- **What is expected**
Locate, in the data below, the line that contains "X120054819Y-118380952D01*" and the line that contains "X122142857Y-111828628D01*"; reproduce exactly those two lines and every line between them, nothing more.

(Recorded data)
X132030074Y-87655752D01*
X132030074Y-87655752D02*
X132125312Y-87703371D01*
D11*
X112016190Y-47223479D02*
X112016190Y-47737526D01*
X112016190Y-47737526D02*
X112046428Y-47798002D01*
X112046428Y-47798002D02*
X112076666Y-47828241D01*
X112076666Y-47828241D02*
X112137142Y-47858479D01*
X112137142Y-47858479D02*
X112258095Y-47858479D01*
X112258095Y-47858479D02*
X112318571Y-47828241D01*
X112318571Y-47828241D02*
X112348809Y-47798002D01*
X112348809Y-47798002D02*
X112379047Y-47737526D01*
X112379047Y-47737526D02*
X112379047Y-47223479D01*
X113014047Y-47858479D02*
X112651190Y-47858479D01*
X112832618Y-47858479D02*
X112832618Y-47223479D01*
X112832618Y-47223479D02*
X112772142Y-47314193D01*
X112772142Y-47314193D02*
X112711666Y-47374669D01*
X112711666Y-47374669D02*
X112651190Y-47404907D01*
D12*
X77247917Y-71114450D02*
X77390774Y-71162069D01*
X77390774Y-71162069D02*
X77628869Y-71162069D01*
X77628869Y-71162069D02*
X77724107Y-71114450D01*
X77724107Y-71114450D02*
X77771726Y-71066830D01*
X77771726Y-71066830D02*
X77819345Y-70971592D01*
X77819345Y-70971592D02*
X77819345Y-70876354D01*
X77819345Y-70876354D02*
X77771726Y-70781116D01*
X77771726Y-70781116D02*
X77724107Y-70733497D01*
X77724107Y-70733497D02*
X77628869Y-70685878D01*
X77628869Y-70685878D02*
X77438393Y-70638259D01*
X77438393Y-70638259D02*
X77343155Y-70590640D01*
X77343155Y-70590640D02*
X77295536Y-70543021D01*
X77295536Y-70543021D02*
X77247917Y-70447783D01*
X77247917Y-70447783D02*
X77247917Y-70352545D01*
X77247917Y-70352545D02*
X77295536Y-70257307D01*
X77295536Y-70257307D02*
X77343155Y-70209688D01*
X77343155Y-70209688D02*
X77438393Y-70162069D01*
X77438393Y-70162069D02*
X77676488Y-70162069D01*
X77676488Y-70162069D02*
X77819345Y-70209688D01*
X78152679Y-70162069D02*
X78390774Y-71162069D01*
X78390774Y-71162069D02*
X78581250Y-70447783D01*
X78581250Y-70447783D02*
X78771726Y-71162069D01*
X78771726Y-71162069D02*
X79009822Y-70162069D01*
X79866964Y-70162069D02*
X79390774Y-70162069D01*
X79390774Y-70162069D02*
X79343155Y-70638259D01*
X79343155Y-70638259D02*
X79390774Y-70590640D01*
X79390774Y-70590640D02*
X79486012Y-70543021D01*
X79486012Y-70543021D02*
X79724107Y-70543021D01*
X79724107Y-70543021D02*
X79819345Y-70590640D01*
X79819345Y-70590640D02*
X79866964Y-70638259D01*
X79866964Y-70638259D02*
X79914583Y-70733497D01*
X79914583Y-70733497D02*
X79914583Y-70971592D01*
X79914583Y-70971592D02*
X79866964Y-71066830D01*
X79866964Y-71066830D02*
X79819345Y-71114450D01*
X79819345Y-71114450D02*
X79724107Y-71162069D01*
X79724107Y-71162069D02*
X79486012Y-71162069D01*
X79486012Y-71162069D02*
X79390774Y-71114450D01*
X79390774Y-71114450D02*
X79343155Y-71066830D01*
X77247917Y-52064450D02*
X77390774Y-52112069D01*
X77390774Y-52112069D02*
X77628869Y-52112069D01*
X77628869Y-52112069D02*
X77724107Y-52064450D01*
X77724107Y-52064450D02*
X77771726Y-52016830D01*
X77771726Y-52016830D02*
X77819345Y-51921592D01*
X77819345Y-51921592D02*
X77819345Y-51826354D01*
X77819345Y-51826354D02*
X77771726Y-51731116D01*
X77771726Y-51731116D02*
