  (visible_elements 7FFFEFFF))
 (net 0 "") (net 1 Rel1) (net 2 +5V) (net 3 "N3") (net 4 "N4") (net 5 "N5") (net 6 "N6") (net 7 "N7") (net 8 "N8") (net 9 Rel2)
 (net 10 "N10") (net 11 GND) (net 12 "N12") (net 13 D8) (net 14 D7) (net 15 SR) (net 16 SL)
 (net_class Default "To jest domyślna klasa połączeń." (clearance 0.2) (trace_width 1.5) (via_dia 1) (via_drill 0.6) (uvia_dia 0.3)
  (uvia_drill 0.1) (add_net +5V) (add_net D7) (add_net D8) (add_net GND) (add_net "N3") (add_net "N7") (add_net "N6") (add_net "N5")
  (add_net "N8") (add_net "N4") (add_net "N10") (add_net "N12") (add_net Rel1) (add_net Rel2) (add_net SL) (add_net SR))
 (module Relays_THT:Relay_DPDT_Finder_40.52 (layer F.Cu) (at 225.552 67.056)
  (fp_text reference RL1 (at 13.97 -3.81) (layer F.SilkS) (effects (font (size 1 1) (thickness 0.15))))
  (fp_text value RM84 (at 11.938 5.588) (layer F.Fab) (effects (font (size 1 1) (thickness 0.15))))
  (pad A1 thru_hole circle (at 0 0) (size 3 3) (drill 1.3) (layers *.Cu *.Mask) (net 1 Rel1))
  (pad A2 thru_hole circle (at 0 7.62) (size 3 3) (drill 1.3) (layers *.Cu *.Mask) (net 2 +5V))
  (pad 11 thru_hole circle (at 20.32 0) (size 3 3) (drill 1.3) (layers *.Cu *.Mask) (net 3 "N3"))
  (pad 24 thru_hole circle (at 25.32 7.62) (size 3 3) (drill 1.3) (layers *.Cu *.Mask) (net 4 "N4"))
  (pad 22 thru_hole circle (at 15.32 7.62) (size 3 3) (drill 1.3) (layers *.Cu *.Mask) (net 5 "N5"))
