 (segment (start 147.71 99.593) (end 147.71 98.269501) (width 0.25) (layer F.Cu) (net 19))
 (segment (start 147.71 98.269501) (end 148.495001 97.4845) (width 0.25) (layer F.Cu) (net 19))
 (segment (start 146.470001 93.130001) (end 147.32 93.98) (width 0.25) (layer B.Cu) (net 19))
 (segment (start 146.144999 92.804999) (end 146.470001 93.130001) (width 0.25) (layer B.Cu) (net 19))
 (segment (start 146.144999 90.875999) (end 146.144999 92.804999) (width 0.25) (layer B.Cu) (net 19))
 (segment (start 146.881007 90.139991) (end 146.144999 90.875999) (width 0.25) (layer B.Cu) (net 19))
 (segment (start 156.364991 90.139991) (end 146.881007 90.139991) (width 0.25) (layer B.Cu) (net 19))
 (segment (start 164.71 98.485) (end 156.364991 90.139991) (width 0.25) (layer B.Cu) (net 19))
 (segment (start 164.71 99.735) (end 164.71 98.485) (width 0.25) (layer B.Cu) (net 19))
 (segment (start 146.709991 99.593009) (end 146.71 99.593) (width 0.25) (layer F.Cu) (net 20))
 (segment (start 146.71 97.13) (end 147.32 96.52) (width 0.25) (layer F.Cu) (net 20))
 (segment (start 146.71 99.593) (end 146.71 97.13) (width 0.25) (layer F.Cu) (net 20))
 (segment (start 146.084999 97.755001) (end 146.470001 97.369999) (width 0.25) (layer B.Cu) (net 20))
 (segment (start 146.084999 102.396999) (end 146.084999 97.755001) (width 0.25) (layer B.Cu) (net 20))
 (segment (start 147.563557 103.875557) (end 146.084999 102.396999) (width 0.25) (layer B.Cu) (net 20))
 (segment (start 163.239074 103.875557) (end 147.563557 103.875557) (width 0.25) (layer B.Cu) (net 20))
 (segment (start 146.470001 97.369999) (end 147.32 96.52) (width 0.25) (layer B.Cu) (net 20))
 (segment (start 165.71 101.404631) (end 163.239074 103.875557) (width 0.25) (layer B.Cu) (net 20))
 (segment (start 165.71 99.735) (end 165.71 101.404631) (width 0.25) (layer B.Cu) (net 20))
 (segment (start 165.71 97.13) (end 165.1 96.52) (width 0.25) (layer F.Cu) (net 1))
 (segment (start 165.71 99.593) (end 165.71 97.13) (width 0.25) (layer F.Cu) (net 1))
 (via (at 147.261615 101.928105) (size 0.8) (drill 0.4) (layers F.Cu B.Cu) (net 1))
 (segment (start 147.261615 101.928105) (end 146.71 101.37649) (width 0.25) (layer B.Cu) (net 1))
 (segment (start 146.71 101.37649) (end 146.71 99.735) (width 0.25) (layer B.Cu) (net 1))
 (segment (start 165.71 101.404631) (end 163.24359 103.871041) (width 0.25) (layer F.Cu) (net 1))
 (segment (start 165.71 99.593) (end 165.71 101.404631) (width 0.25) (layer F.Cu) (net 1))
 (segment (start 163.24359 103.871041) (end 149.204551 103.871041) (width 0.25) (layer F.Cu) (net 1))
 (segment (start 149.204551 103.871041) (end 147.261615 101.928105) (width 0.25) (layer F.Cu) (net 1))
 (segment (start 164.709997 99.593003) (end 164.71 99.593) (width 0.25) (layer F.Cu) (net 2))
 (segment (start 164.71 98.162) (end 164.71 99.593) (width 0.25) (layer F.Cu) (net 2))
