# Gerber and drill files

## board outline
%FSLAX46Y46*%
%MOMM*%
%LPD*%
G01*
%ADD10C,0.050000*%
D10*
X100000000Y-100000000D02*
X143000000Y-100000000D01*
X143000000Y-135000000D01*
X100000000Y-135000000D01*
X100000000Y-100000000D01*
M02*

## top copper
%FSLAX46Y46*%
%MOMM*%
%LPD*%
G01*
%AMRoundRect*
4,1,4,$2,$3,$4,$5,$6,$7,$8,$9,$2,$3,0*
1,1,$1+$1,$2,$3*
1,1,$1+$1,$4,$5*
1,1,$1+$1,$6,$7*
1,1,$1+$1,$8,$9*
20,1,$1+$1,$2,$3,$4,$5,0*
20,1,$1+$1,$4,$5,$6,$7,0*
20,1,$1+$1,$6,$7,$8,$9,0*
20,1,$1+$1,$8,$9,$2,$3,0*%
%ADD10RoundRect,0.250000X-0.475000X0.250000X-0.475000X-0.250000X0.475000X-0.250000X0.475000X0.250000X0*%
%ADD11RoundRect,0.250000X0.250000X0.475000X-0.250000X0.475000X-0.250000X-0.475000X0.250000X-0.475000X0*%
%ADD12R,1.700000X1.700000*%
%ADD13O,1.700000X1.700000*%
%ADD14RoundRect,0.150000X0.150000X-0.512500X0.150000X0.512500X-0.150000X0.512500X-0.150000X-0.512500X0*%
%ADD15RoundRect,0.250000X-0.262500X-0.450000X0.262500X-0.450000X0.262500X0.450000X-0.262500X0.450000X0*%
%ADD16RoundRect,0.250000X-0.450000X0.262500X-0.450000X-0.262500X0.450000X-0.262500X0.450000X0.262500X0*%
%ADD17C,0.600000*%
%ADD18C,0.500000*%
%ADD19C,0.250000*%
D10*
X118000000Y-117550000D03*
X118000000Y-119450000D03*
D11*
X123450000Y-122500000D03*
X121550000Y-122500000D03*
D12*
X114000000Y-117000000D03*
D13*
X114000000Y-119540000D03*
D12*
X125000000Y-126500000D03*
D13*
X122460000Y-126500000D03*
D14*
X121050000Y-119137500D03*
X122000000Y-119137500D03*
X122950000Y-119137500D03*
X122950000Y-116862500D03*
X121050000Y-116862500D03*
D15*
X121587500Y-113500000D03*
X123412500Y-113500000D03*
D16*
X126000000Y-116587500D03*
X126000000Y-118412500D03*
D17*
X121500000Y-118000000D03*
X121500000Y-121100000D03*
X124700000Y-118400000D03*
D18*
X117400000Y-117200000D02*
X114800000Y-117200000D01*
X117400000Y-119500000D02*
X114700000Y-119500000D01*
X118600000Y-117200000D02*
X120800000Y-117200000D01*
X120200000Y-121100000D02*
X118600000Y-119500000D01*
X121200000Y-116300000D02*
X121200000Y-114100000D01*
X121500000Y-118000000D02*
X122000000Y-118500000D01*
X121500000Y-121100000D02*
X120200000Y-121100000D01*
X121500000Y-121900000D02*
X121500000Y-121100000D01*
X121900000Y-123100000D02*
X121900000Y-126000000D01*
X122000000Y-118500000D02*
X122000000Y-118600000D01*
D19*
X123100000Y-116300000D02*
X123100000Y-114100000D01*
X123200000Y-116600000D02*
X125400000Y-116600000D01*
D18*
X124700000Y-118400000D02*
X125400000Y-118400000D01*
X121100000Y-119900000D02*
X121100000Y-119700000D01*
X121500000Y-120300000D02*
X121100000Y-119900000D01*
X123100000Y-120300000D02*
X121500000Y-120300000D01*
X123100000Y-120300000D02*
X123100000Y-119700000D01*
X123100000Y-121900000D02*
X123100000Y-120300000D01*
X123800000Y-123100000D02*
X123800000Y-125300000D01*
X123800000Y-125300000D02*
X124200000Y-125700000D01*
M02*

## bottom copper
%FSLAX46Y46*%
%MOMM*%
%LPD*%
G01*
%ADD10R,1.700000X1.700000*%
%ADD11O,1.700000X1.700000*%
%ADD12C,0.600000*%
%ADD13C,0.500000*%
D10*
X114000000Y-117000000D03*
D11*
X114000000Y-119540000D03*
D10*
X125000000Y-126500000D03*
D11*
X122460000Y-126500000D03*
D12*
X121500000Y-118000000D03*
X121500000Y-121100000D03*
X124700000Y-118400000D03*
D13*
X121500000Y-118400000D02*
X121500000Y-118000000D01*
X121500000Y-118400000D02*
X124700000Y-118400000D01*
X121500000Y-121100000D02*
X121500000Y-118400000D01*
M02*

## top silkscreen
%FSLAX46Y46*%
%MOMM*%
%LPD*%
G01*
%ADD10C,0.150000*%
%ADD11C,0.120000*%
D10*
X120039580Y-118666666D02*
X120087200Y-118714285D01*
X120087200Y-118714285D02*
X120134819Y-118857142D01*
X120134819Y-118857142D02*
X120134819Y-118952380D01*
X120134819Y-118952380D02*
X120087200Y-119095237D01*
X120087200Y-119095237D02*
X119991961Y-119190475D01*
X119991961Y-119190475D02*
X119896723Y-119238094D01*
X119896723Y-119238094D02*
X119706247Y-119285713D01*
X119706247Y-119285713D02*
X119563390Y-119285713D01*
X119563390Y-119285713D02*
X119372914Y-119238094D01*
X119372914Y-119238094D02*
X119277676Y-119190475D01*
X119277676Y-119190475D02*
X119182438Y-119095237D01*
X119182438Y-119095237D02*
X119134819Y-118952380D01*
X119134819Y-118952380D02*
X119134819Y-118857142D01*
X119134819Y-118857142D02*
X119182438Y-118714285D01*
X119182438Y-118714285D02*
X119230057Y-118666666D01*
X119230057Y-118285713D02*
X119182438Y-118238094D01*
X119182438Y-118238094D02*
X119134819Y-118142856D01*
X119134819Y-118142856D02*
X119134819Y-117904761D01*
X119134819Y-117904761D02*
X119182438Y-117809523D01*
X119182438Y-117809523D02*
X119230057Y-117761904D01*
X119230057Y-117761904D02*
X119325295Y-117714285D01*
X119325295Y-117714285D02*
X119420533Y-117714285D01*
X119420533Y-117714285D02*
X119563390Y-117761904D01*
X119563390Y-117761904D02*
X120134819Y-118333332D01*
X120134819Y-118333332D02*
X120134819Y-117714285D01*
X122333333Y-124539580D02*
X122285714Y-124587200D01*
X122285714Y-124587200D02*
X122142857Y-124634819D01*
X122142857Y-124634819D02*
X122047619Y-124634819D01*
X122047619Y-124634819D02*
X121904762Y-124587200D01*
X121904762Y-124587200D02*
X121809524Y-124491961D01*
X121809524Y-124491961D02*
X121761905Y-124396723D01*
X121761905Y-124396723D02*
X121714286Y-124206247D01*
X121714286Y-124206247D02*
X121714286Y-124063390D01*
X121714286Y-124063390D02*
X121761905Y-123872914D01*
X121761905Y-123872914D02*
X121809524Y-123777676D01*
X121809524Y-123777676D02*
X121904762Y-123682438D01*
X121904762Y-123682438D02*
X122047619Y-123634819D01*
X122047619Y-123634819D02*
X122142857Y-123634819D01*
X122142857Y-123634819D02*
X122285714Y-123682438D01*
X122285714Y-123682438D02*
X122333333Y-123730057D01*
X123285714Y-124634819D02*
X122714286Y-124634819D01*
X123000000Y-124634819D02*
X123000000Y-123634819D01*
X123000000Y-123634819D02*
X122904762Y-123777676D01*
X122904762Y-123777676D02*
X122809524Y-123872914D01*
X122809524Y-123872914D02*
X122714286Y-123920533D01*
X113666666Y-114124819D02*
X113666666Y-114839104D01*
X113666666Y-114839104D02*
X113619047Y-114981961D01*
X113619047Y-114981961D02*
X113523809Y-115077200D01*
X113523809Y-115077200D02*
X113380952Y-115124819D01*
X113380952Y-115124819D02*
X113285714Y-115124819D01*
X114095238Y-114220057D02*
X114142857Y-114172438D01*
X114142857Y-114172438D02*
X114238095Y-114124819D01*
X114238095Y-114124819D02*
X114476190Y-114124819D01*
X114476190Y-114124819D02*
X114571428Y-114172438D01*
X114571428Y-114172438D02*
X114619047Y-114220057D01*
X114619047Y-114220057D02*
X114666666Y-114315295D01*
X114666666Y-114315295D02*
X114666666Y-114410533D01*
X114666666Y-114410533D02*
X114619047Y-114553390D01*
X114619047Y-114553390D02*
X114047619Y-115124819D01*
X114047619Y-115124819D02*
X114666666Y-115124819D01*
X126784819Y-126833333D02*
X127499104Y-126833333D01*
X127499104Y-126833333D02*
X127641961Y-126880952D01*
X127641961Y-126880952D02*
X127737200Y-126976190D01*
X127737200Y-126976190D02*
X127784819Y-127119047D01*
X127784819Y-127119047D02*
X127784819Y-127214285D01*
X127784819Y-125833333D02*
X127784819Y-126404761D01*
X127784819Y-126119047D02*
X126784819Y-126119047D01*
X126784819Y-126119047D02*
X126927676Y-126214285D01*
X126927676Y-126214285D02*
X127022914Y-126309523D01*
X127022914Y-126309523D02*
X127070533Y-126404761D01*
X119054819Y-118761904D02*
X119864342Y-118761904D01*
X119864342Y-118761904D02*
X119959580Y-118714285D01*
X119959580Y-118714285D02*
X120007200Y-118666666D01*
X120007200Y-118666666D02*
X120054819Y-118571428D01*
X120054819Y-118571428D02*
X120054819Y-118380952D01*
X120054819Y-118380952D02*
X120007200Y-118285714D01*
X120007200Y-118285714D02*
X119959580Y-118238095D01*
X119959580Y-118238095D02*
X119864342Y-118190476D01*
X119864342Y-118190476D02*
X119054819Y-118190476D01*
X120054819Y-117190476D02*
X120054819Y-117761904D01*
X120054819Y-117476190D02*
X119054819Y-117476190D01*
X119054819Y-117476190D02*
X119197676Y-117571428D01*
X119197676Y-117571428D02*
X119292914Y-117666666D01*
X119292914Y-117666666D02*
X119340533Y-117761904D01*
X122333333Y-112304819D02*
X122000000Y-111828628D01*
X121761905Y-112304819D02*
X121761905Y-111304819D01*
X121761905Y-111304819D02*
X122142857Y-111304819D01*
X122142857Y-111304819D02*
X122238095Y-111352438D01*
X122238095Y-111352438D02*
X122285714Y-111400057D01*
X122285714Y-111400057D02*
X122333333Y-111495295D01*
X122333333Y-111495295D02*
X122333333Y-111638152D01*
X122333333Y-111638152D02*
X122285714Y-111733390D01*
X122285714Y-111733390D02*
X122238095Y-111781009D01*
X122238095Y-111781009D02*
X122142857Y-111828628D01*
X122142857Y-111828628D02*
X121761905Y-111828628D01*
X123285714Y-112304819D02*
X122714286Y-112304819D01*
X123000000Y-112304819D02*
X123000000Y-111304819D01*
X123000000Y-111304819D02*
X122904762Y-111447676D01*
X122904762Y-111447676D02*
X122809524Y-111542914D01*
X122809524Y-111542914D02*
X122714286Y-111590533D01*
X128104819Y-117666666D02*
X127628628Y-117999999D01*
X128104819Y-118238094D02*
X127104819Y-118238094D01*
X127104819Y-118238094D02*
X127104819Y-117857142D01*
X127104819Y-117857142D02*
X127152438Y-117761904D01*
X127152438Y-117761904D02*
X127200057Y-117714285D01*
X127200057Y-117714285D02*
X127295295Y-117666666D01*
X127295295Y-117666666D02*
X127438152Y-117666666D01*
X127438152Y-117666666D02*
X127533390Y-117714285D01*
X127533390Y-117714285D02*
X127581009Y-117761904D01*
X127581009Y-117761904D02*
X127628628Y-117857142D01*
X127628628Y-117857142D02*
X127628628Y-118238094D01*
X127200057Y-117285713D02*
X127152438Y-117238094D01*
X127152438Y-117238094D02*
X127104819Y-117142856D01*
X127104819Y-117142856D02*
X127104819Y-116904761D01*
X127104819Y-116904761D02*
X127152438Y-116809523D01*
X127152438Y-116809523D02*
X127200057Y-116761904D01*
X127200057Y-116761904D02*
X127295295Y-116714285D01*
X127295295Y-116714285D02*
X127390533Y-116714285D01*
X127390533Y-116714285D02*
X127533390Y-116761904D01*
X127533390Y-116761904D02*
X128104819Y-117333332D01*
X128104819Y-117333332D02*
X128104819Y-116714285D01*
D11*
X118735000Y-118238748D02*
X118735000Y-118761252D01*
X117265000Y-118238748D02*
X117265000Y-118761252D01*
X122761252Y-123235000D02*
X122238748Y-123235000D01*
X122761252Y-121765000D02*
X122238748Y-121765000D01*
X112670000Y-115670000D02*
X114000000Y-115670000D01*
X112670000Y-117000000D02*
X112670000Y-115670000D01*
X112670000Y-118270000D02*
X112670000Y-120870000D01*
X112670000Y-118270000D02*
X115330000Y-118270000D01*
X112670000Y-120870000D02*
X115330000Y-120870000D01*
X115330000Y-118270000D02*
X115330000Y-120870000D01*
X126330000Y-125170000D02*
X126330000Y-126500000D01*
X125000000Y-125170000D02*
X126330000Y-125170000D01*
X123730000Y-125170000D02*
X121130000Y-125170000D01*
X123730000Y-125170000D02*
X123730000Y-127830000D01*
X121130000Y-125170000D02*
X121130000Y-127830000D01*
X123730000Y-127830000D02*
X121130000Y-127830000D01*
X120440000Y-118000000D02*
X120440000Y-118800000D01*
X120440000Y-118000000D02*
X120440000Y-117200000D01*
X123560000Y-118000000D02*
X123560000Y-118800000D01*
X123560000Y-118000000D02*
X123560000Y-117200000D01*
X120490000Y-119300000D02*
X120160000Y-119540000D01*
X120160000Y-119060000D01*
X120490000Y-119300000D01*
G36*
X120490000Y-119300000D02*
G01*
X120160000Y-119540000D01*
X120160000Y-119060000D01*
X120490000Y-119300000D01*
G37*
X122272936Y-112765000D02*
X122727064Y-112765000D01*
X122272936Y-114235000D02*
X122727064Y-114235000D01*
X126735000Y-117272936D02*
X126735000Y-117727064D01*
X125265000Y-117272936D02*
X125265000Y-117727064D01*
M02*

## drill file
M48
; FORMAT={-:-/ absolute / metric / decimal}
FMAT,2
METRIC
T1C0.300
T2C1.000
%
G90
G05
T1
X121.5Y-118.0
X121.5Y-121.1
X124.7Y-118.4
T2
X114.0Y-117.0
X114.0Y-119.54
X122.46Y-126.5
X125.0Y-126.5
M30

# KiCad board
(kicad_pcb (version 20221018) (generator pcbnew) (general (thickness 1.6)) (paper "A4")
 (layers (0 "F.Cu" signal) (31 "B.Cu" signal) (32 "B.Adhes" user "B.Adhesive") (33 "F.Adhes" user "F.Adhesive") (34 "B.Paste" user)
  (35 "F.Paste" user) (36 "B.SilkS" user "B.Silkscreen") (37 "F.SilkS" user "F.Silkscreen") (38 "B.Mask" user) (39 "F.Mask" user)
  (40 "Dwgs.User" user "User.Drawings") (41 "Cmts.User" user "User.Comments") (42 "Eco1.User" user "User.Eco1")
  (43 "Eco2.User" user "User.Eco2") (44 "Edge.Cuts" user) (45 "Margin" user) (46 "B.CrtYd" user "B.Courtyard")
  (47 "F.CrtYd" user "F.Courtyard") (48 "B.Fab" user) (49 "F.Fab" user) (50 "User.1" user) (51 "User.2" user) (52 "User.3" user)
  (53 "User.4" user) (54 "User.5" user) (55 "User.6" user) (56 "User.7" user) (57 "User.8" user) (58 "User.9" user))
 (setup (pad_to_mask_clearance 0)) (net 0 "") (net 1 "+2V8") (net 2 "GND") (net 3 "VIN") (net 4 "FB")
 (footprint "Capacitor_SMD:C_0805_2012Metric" (layer "F.Cu") (at 118 118.5 -90)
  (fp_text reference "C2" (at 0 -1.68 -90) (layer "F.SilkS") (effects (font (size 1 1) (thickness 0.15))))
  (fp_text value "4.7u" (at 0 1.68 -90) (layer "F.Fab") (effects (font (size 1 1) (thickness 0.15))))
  (fp_line (start -0.261252 -0.735) (end 0.261252 -0.735) (stroke (width 0.12) (type solid)) (layer "F.SilkS"))
  (fp_line (start -0.261252 0.735) (end 0.261252 0.735) (stroke (width 0.12) (type solid)) (layer "F.SilkS"))
  (pad "1" smd roundrect (at -0.95 0 270) (size 1 1.45) (layers "F.Cu" "F.Paste" "F.Mask") (roundrect_rratio 0.25) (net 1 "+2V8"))
  (pad "2" smd roundrect (at 0.95 0 270) (size 1 1.45) (layers "F.Cu" "F.Paste" "F.Mask") (roundrect_rratio 0.25) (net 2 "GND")))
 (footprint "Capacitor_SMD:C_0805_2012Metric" (layer "F.Cu") (at 122.5 122.5 180)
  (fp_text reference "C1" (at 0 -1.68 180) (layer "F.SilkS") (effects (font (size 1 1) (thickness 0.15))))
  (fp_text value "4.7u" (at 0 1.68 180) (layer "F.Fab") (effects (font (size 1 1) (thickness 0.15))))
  (fp_line (start -0.261252 -0.735) (end 0.261252 -0.735) (stroke (width 0.12) (type solid)) (layer "F.SilkS"))
  (fp_line (start -0.261252 0.735) (end 0.261252 0.735) (stroke (width 0.12) (type solid)) (layer "F.SilkS"))
  (pad "1" smd roundrect (at -0.95 0 180) (size 1 1.45) (layers "F.Cu" "F.Paste" "F.Mask") (roundrect_rratio 0.25) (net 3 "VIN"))
  (pad "2" smd roundrect (at 0.95 0 180) (size 1 1.45) (layers "F.Cu" "F.Paste" "F.Mask") (roundrect_rratio 0.25) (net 2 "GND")))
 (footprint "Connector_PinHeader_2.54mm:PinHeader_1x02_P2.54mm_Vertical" (layer "F.Cu") (at 114 117)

- **Answer for this exercise**
X120054819Y-118380952D01*
X120054819Y-118380952D02*
X120007200Y-118285714D01*
X120007200Y-118285714D02*
X119959580Y-118238095D01*
X119959580Y-118238095D02*
X119864342Y-118190476D01*
X119864342Y-118190476D02*
X119054819Y-118190476D01*
X120054819Y-117190476D02*
X120054819Y-117761904D01*
X120054819Y-117476190D02*
X119054819Y-117476190D01*
X119054819Y-117476190D02*
X119197676Y-117571428D01*
X119197676Y-117571428D02*
X119292914Y-117666666D01*
X119292914Y-117666666D02*
X119340533Y-117761904D01*
X122333333Y-112304819D02*
X122000000Y-111828628D01*
X121761905Y-112304819D02*
X121761905Y-111304819D01*
X121761905Y-111304819D02*
X122142857Y-111304819D01*
X122142857Y-111304819D02*
X122238095Y-111352438D01*
X122238095Y-111352438D02*
X122285714Y-111400057D01*
X122285714Y-111400057D02*
X122333333Y-111495295D01*
X122333333Y-111495295D02*
X122333333Y-111638152D01*
X122333333Y-111638152D02*
X122285714Y-111733390D01*
X122285714Y-111733390D02*
X122238095Y-111781009D01*
X122238095Y-111781009D02*
X122142857Y-111828628D01*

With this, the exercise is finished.